-------- Provided material --------

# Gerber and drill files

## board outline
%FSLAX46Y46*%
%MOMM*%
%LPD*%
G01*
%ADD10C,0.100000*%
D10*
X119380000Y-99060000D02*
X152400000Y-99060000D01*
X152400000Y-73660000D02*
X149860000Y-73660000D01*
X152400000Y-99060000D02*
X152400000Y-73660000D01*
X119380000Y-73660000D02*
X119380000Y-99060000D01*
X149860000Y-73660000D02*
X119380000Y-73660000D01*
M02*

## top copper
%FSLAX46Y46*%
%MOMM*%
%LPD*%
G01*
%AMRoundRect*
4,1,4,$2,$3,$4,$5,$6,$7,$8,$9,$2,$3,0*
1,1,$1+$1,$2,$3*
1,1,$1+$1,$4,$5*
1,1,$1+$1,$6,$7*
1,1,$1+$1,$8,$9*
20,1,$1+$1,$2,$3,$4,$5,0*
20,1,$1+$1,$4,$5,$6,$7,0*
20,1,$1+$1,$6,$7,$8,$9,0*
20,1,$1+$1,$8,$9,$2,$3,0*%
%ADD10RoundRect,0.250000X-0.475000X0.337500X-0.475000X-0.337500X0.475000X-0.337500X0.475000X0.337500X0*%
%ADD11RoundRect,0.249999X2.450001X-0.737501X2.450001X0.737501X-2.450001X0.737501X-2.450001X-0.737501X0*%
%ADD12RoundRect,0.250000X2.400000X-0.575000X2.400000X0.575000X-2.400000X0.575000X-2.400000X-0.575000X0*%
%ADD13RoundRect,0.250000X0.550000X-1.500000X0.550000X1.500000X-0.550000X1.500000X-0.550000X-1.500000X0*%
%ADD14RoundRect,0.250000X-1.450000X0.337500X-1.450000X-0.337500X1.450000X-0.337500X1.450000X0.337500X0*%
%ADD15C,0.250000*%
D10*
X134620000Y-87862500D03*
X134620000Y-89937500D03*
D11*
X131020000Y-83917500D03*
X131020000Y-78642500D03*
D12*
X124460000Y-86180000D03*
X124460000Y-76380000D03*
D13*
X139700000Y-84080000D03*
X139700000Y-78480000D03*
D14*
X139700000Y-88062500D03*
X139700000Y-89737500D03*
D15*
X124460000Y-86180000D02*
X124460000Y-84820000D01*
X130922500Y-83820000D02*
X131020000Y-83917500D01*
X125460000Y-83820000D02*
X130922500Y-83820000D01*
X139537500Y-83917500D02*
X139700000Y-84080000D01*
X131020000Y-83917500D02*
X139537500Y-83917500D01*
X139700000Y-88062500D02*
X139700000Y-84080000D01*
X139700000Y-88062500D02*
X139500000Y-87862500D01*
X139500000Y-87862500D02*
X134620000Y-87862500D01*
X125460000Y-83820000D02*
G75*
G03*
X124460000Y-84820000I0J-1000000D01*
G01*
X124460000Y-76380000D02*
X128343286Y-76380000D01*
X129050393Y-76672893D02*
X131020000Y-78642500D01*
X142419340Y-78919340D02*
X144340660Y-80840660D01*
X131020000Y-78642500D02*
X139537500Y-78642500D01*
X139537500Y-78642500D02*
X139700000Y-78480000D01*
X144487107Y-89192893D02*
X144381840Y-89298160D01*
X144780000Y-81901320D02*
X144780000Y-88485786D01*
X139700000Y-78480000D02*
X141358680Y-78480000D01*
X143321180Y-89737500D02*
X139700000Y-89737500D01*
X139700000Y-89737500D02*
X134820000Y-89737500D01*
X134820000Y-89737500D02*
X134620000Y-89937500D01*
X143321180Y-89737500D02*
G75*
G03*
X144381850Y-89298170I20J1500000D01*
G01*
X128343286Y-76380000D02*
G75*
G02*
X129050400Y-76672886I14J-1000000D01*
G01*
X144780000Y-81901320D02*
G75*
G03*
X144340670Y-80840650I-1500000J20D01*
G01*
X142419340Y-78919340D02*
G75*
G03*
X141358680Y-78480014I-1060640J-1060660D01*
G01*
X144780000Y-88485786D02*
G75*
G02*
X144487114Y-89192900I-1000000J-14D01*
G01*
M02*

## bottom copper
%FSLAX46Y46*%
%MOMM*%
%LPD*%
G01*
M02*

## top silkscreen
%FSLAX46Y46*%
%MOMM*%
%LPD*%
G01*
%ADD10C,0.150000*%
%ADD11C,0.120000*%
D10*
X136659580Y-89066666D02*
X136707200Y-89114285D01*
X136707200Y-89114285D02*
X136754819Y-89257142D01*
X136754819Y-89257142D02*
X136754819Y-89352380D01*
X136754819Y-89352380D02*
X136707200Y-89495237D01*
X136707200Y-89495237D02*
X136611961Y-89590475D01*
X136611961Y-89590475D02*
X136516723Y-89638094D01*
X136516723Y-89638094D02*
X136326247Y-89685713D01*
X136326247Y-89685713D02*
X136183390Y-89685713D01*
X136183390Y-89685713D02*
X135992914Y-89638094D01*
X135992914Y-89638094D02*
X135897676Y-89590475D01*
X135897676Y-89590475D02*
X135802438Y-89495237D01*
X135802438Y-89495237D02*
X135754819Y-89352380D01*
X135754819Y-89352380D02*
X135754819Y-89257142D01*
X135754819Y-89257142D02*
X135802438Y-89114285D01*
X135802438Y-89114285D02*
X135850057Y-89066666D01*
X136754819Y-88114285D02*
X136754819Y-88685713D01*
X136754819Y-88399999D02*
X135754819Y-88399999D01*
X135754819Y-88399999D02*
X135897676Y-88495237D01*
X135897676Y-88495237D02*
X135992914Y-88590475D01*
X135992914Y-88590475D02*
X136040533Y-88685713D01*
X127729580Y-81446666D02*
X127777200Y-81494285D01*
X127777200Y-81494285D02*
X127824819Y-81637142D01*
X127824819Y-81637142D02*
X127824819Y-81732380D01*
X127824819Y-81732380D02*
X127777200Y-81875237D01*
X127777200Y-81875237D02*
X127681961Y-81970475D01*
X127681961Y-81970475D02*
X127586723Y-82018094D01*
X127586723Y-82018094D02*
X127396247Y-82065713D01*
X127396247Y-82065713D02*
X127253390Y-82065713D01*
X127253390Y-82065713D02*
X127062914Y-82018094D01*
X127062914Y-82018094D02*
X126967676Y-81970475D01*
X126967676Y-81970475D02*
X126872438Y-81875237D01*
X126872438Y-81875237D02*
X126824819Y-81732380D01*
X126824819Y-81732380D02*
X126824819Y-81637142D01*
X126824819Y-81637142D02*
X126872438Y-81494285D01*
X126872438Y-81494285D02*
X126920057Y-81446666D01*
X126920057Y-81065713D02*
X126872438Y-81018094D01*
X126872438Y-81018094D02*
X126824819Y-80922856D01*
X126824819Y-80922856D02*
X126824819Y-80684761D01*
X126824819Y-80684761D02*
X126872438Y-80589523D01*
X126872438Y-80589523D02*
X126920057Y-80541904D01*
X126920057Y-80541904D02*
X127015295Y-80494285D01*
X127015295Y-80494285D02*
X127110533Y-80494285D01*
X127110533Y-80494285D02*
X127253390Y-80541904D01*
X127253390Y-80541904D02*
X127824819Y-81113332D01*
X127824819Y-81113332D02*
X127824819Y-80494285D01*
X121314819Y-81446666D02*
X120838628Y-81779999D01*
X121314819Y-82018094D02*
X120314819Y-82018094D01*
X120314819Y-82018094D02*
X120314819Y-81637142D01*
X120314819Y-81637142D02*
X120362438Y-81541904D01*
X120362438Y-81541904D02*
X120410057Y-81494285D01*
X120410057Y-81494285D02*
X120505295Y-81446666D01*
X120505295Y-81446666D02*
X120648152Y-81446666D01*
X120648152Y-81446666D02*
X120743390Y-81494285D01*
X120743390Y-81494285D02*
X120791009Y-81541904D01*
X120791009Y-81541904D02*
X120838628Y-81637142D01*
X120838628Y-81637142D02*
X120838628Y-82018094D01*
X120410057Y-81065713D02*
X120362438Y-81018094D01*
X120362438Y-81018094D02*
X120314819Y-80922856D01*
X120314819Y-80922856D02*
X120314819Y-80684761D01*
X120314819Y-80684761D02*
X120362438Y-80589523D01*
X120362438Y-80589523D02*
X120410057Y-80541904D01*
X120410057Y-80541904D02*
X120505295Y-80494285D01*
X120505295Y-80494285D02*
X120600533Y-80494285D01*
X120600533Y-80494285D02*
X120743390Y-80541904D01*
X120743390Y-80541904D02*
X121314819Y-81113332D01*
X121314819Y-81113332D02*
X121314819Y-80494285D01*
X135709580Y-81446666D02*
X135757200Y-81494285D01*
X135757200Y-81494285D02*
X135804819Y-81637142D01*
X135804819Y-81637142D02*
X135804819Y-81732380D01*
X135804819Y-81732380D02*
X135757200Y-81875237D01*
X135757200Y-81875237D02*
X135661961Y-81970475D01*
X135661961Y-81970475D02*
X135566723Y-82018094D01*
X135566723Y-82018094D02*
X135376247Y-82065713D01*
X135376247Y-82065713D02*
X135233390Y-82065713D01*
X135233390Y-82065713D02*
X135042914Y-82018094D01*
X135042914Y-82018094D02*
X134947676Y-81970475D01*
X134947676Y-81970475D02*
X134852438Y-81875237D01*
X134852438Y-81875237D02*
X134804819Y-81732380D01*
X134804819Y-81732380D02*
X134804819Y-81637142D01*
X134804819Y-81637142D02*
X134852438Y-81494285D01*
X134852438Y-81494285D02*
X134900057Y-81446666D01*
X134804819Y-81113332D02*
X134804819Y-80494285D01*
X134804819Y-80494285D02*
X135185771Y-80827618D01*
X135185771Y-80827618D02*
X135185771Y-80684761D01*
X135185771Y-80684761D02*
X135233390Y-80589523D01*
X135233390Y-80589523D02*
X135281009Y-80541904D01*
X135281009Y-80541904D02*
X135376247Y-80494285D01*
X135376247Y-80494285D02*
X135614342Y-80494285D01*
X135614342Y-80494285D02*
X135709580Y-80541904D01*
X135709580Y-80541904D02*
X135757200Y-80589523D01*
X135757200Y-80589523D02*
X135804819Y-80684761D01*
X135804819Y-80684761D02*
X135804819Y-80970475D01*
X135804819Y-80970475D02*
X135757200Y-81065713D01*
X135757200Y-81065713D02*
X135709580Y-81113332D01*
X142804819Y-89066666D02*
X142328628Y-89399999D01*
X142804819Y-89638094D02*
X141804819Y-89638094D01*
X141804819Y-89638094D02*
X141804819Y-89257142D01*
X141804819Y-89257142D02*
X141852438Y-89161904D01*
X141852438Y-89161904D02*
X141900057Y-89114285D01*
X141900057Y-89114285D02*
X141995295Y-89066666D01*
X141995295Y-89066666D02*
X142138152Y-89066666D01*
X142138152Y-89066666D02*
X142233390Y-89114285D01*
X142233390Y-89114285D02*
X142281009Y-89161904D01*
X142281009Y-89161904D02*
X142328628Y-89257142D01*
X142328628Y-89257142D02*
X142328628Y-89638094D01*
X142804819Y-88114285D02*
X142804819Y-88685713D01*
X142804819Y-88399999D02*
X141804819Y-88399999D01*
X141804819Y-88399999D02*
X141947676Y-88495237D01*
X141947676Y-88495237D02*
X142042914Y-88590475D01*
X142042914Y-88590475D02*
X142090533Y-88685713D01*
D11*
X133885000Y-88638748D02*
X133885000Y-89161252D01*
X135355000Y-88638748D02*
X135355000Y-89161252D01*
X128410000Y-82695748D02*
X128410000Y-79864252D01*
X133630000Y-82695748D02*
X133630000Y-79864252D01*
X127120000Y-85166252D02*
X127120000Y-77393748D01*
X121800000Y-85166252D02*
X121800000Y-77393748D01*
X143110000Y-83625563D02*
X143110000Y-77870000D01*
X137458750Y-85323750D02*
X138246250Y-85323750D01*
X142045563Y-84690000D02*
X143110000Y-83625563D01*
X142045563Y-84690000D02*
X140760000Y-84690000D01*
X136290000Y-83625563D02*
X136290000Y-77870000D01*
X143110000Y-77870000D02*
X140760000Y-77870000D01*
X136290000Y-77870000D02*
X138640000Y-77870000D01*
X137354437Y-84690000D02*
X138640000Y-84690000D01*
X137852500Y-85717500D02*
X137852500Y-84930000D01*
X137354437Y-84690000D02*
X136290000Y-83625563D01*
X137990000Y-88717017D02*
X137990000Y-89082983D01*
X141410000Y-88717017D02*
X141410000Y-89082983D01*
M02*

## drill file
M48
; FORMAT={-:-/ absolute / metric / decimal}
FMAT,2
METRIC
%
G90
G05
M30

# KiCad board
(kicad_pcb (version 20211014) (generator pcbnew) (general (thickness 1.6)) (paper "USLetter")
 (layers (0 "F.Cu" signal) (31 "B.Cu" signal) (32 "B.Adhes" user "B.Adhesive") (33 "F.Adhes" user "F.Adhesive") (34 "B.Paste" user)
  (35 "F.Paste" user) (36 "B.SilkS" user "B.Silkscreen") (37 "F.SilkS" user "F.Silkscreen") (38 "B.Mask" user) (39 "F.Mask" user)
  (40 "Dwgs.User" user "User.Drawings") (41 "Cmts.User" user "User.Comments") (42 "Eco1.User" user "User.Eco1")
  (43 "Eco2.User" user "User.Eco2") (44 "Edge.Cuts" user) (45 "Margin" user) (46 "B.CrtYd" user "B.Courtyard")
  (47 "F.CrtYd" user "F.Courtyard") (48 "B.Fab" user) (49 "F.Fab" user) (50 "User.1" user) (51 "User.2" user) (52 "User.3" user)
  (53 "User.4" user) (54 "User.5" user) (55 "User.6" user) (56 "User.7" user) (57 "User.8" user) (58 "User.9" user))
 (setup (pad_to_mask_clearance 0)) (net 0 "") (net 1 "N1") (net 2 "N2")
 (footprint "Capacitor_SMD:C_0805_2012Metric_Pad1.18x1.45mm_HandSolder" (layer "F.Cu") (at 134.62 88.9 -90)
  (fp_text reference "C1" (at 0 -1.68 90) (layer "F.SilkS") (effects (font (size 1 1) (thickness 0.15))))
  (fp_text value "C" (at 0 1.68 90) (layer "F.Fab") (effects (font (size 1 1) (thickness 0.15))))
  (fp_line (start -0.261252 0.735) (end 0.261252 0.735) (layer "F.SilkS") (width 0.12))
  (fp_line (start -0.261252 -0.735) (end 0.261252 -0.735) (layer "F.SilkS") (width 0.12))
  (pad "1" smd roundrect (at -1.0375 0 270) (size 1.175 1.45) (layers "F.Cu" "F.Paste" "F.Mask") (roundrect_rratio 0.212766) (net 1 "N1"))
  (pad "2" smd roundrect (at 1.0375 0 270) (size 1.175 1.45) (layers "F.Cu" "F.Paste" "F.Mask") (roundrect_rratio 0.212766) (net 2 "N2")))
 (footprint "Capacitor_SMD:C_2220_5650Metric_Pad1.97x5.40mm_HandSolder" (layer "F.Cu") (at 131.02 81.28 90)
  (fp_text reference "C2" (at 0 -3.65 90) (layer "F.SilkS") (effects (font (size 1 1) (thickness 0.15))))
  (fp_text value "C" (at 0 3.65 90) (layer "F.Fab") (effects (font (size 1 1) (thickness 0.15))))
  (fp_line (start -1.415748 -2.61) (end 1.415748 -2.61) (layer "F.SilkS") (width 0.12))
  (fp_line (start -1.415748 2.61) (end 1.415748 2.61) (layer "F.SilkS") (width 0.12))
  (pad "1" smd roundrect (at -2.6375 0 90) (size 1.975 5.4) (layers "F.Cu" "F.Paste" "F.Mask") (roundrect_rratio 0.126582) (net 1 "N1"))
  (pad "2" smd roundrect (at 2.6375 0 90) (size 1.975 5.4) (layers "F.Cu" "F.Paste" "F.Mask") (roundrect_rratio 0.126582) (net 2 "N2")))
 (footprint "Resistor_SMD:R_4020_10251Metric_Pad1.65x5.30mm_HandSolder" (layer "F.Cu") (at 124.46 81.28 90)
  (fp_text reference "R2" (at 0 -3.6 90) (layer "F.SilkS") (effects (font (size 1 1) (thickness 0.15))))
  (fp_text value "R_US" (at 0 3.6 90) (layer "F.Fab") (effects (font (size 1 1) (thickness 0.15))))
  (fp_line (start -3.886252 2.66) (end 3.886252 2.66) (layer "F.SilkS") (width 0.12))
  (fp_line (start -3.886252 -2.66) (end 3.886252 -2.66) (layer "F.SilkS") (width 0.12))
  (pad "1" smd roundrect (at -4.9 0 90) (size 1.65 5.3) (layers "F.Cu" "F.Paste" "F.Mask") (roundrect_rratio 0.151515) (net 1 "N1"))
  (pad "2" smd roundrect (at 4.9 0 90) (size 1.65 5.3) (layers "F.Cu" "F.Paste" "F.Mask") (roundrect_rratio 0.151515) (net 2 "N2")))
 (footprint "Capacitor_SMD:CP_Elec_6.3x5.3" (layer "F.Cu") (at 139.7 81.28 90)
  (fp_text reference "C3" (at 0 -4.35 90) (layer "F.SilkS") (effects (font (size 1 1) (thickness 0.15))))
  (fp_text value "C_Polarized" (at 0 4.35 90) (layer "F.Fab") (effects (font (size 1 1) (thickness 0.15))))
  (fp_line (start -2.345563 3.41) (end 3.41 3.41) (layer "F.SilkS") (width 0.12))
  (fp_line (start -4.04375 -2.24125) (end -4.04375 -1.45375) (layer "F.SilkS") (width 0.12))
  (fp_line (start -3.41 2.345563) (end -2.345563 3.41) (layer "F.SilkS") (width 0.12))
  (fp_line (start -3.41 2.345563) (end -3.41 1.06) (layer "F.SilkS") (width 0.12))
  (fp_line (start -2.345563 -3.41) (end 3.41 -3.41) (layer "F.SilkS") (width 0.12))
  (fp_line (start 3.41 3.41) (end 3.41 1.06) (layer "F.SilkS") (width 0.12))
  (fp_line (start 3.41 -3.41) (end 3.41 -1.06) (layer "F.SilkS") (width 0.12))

--------

_Problem requirements_. Among the entries above, locate the lines containing "X134947676Y-81970475D02*" and "X141804819Y-89638094D01*", and transcribe exactly those two lines and all lines between.

_Finished exercise_.
X134947676Y-81970475D02*
X134852438Y-81875237D01*
X134852438Y-81875237D02*
X134804819Y-81732380D01*
X134804819Y-81732380D02*
X134804819Y-81637142D01*
X134804819Y-81637142D02*
X134852438Y-81494285D01*
X134852438Y-81494285D02*
X134900057Y-81446666D01*
X134804819Y-81113332D02*
X134804819Y-80494285D01*
X134804819Y-80494285D02*
X135185771Y-80827618D01*
X135185771Y-80827618D02*
X135185771Y-80684761D01*
X135185771Y-80684761D02*
X135233390Y-80589523D01*
X135233390Y-80589523D02*
X135281009Y-80541904D01*
X135281009Y-80541904D02*
X135376247Y-80494285D01*
X135376247Y-80494285D02*
X135614342Y-80494285D01*
X135614342Y-80494285D02*
X135709580Y-80541904D01*
X135709580Y-80541904D02*
X135757200Y-80589523D01*
X135757200Y-80589523D02*
X135804819Y-80684761D01*
X135804819Y-80684761D02*
X135804819Y-80970475D01*
X135804819Y-80970475D02*
X135757200Y-81065713D01*
X135757200Y-81065713D02*
X135709580Y-81113332D01*
X142804819Y-89066666D02*
X142328628Y-89399999D01*
X142804819Y-89638094D02*
X141804819Y-89638094D01*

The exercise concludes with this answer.